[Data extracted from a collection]

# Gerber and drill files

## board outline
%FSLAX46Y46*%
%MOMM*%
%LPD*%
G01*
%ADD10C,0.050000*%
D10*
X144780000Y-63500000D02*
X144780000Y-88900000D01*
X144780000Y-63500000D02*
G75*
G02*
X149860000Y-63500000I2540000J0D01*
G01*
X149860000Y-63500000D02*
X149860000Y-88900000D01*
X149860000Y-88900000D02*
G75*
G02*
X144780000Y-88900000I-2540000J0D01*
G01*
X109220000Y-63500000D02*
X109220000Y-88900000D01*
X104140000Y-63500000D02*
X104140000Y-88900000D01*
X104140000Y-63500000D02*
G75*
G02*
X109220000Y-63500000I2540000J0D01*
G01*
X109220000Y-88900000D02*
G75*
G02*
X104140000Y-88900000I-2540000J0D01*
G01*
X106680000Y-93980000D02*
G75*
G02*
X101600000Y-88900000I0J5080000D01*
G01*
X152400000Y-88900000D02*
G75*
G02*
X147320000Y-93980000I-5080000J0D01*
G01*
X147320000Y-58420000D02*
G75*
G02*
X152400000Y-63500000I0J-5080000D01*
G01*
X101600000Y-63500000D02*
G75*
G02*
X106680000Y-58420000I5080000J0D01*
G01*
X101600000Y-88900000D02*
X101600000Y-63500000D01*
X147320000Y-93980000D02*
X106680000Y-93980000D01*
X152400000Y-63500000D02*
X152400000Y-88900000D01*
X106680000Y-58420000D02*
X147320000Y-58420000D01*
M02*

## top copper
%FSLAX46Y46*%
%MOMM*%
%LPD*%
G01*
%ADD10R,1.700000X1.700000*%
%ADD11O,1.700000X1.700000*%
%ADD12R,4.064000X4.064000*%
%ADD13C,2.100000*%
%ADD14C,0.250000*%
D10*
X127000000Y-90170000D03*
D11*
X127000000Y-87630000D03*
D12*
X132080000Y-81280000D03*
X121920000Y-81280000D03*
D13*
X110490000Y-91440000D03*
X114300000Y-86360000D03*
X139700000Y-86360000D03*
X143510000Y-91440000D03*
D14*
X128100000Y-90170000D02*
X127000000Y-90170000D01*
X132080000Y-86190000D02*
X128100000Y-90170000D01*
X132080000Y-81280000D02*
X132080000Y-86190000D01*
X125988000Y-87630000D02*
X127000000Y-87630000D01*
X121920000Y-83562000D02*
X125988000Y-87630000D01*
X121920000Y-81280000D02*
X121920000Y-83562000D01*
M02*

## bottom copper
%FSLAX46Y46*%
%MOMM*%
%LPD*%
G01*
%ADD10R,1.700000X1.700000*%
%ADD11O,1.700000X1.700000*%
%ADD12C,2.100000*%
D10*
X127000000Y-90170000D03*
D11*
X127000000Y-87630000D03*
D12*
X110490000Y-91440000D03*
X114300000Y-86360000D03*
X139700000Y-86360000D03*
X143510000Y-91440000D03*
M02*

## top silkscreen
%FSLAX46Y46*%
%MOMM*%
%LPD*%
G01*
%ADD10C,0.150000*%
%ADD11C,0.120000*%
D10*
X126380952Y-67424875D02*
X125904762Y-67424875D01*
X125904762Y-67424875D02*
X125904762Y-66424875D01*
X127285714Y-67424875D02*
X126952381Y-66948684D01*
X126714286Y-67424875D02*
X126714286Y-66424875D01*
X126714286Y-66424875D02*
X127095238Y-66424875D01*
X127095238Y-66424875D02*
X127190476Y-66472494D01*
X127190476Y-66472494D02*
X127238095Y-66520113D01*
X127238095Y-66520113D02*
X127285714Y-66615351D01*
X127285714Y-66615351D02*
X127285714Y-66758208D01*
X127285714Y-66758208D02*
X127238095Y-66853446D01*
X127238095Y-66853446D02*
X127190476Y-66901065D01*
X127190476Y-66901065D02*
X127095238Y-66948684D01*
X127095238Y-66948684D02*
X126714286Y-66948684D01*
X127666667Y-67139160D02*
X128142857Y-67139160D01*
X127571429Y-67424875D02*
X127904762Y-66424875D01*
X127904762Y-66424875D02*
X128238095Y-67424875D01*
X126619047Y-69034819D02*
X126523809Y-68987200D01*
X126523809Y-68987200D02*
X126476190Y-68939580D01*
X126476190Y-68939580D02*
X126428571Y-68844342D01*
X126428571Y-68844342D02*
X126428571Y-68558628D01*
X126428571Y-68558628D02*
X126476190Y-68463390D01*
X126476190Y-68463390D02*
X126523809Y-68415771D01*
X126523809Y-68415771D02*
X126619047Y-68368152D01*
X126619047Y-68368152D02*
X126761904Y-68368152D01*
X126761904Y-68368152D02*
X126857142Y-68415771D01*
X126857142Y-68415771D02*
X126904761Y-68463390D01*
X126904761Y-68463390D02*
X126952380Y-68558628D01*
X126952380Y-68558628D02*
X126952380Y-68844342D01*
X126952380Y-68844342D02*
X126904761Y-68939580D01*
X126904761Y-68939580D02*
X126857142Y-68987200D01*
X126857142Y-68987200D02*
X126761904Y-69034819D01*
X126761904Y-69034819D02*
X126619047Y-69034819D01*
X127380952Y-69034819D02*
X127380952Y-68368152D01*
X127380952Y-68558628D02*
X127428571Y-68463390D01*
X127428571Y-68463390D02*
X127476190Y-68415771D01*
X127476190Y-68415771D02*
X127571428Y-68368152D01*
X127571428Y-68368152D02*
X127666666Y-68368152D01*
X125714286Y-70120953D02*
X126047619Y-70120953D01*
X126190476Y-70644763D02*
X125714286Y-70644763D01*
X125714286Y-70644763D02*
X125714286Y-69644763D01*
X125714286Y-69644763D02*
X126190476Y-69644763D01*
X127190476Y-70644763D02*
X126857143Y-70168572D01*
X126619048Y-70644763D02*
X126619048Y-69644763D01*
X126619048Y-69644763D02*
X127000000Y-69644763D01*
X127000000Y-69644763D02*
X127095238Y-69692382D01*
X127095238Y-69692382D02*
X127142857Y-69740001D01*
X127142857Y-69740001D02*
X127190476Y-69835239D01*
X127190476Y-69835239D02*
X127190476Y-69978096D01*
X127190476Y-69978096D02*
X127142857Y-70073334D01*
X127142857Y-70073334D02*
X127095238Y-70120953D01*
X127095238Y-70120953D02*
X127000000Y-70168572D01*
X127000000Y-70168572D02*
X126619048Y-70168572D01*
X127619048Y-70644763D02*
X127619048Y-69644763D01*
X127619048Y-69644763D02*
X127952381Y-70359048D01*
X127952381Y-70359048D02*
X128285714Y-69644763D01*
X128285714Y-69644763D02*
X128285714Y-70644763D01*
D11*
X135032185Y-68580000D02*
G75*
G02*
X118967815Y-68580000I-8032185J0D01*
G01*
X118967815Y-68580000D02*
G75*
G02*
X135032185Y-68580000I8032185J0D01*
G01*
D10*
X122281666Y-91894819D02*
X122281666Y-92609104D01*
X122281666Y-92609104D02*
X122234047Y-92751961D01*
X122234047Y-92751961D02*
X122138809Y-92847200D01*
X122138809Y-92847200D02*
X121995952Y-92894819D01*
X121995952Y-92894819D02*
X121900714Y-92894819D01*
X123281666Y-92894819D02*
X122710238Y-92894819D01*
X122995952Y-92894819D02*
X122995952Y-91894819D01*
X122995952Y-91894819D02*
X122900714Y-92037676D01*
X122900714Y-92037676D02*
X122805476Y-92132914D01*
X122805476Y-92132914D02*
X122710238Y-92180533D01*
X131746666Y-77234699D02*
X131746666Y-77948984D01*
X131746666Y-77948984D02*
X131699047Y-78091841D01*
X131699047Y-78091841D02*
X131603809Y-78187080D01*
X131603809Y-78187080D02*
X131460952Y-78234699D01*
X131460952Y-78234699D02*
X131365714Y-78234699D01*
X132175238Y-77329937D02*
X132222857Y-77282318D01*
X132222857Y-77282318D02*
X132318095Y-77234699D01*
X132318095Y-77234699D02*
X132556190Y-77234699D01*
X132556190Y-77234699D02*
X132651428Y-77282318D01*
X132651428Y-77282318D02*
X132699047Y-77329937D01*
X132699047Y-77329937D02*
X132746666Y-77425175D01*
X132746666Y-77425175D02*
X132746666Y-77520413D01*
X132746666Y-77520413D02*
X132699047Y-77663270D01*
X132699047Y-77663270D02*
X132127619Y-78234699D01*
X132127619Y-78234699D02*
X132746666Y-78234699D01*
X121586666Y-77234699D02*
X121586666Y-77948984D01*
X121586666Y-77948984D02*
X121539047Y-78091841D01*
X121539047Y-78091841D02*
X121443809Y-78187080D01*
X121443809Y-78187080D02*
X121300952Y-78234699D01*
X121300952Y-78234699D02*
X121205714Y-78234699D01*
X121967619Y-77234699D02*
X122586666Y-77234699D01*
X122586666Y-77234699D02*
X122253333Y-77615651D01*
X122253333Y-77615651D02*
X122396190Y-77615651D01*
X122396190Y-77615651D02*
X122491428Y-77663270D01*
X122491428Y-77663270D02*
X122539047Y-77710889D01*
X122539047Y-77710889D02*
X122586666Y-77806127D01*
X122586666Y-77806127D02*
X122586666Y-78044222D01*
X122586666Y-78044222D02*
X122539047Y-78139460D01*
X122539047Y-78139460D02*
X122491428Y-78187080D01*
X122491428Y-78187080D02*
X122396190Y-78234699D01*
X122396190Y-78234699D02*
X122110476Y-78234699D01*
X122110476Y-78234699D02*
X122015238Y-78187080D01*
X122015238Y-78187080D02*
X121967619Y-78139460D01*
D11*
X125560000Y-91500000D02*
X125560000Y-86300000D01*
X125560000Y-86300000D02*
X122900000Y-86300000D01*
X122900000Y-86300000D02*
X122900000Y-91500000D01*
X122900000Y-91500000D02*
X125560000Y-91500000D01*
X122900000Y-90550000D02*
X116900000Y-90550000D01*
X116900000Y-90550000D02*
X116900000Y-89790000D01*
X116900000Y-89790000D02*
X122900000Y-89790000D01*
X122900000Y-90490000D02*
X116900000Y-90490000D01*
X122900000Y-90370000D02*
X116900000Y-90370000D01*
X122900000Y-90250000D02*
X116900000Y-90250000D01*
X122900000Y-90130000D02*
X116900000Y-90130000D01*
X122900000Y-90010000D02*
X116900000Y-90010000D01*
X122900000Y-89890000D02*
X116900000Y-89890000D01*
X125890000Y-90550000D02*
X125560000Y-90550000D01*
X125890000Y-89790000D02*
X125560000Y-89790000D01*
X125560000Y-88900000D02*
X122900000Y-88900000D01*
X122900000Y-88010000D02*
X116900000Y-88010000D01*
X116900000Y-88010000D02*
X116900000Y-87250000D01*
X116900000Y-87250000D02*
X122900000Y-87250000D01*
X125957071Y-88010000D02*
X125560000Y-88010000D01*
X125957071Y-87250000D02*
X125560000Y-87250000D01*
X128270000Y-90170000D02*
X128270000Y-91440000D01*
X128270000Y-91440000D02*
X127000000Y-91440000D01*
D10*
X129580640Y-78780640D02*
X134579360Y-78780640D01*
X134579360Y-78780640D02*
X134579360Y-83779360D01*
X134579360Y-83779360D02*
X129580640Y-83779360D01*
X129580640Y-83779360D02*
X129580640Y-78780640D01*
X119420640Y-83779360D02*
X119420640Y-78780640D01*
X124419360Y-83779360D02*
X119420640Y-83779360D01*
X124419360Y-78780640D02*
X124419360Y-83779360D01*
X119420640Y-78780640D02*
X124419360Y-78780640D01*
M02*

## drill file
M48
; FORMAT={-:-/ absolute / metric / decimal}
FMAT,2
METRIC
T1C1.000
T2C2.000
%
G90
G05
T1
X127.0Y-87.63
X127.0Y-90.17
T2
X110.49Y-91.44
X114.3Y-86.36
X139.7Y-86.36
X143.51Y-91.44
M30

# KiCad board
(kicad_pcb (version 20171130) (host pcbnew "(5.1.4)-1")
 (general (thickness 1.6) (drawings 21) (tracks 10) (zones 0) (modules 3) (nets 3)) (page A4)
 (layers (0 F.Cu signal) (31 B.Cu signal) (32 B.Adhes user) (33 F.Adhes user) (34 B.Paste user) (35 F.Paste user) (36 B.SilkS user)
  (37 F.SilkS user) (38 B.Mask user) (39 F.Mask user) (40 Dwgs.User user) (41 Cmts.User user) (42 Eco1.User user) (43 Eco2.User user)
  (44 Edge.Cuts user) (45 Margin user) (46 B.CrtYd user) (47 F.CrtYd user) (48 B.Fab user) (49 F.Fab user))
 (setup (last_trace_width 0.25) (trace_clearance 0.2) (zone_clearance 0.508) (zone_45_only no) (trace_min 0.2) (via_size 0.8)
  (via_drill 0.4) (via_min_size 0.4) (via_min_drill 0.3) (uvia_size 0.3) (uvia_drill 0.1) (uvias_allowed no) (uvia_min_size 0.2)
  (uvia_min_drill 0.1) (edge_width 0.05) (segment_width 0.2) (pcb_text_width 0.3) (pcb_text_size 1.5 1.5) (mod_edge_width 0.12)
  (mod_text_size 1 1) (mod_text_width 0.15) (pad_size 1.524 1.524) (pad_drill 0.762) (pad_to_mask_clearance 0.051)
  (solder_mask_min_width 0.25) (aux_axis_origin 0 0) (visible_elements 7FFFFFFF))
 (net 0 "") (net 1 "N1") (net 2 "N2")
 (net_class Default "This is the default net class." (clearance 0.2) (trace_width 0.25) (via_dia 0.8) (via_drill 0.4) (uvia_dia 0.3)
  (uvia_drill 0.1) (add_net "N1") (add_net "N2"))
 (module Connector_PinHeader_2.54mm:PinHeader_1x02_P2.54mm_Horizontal (layer F.Cu) (at 127 90.17 180)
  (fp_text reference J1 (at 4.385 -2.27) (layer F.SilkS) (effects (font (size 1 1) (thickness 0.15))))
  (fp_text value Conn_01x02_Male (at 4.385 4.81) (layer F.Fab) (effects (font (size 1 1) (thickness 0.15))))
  (fp_line (start 1.44 -1.33) (end 1.44 3.87) (layer F.SilkS) (width 0.12))
  (fp_line (start 1.44 3.87) (end 4.1 3.87) (layer F.SilkS) (width 0.12))
  (fp_line (start 4.1 3.87) (end 4.1 -1.33) (layer F.SilkS) (width 0.12))
  (fp_line (start 4.1 -1.33) (end 1.44 -1.33) (layer F.SilkS) (width 0.12))
  (fp_line (start 4.1 -0.38) (end 10.1 -0.38) (layer F.SilkS) (width 0.12))
  (fp_line (start 10.1 -0.38) (end 10.1 0.38) (layer F.SilkS) (width 0.12))
  (fp_line (start 10.1 0.38) (end 4.1 0.38) (layer F.SilkS) (width 0.12))
  (fp_line (start 4.1 -0.32) (end 10.1 -0.32) (layer F.SilkS) (width 0.12))
  (fp_line (start 4.1 -0.2) (end 10.1 -0.2) (layer F.SilkS) (width 0.12))
  (fp_line (start 4.1 -0.08) (end 10.1 -0.08) (layer F.SilkS) (width 0.12))
  (fp_line (start 4.1 0.04) (end 10.1 0.04) (layer F.SilkS) (width 0.12))
  (fp_line (start 4.1 0.16) (end 10.1 0.16) (layer F.SilkS) (width 0.12))
  (fp_line (start 4.1 0.28) (end 10.1 0.28) (layer F.SilkS) (width 0.12))
  (fp_line (start 1.11 -0.38) (end 1.44 -0.38) (layer F.SilkS) (width 0.12))
  (fp_line (start 1.11 0.38) (end 1.44 0.38) (layer F.SilkS) (width 0.12))
  (fp_line (start 1.44 1.27) (end 4.1 1.27) (layer F.SilkS) (width 0.12))
  (fp_line (start 4.1 2.16) (end 10.1 2.16) (layer F.SilkS) (width 0.12))
  (fp_line (start 10.1 2.16) (end 10.1 2.92) (layer F.SilkS) (width 0.12))
  (fp_line (start 10.1 2.92) (end 4.1 2.92) (layer F.SilkS) (width 0.12))
  (fp_line (start 1.042929 2.16) (end 1.44 2.16) (layer F.SilkS) (width 0.12))
  (fp_line (start 1.042929 2.92) (end 1.44 2.92) (layer F.SilkS) (width 0.12))
  (fp_line (start -1.27 0) (end -1.27 -1.27) (layer F.SilkS) (width 0.12))
  (fp_line (start -1.27 -1.27) (end 0 -1.27) (layer F.SilkS) (width 0.12))
  (pad 1 thru_hole rect (at 0 0 180) (size 1.7 1.7) (drill 1) (layers *.Cu *.Mask) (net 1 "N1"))
  (pad 2 thru_hole oval (at 0 2.54 180) (size 1.7 1.7) (drill 1) (layers *.Cu *.Mask) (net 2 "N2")))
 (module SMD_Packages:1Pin (layer F.Cu) (at 132.08 81.28)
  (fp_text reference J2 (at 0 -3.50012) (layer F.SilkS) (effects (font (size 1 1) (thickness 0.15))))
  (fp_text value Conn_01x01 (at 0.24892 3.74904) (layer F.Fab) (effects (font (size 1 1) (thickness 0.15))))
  (fp_line (start -2.49936 -2.49936) (end 2.49936 -2.49936) (layer F.SilkS) (width 0.15))
  (fp_line (start 2.49936 -2.49936) (end 2.49936 2.49936) (layer F.SilkS) (width 0.15))
  (fp_line (start 2.49936 2.49936) (end -2.49936 2.49936) (layer F.SilkS) (width 0.15))
  (fp_line (start -2.49936 2.49936) (end -2.49936 -2.49936) (layer F.SilkS) (width 0.15))
  (pad 1 smd rect (at 0 0) (size 4.064 4.064) (layers F.Cu F.Paste F.Mask) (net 1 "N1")))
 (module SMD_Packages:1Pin (layer F.Cu) (at 121.92 81.28)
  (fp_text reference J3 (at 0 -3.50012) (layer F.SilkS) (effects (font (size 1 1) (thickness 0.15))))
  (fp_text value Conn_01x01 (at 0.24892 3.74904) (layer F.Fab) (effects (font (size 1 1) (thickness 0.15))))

### EXERCISE PROMPT
Above are records; repeat only the lines starting at the line with "X126476190Y-68939580D02*" and ending at the line with "X127190476Y-70644763D02*", exactly as they appear, both included.

### SOLUTION FOR THIS PROBLEM
X126476190Y-68939580D02*
X126428571Y-68844342D01*
X126428571Y-68844342D02*
X126428571Y-68558628D01*
X126428571Y-68558628D02*
X126476190Y-68463390D01*
X126476190Y-68463390D02*
X126523809Y-68415771D01*
X126523809Y-68415771D02*
X126619047Y-68368152D01*
X126619047Y-68368152D02*
X126761904Y-68368152D01*
X126761904Y-68368152D02*
X126857142Y-68415771D01*
X126857142Y-68415771D02*
X126904761Y-68463390D01*
X126904761Y-68463390D02*
X126952380Y-68558628D01*
X126952380Y-68558628D02*
X126952380Y-68844342D01*
X126952380Y-68844342D02*
X126904761Y-68939580D01*
X126904761Y-68939580D02*
X126857142Y-68987200D01*
X126857142Y-68987200D02*
X126761904Y-69034819D01*
X126761904Y-69034819D02*
X126619047Y-69034819D01*
X127380952Y-69034819D02*
X127380952Y-68368152D01*
X127380952Y-68558628D02*
X127428571Y-68463390D01*
X127428571Y-68463390D02*
X127476190Y-68415771D01*
X127476190Y-68415771D02*
X127571428Y-68368152D01*
X127571428Y-68368152D02*
X127666666Y-68368152D01*
X125714286Y-70120953D02*
X126047619Y-70120953D01*
X126190476Y-70644763D02*
X125714286Y-70644763D01*
X125714286Y-70644763D02*
X125714286Y-69644763D01*
X125714286Y-69644763D02*
X126190476Y-69644763D01*
X127190476Y-70644763D02*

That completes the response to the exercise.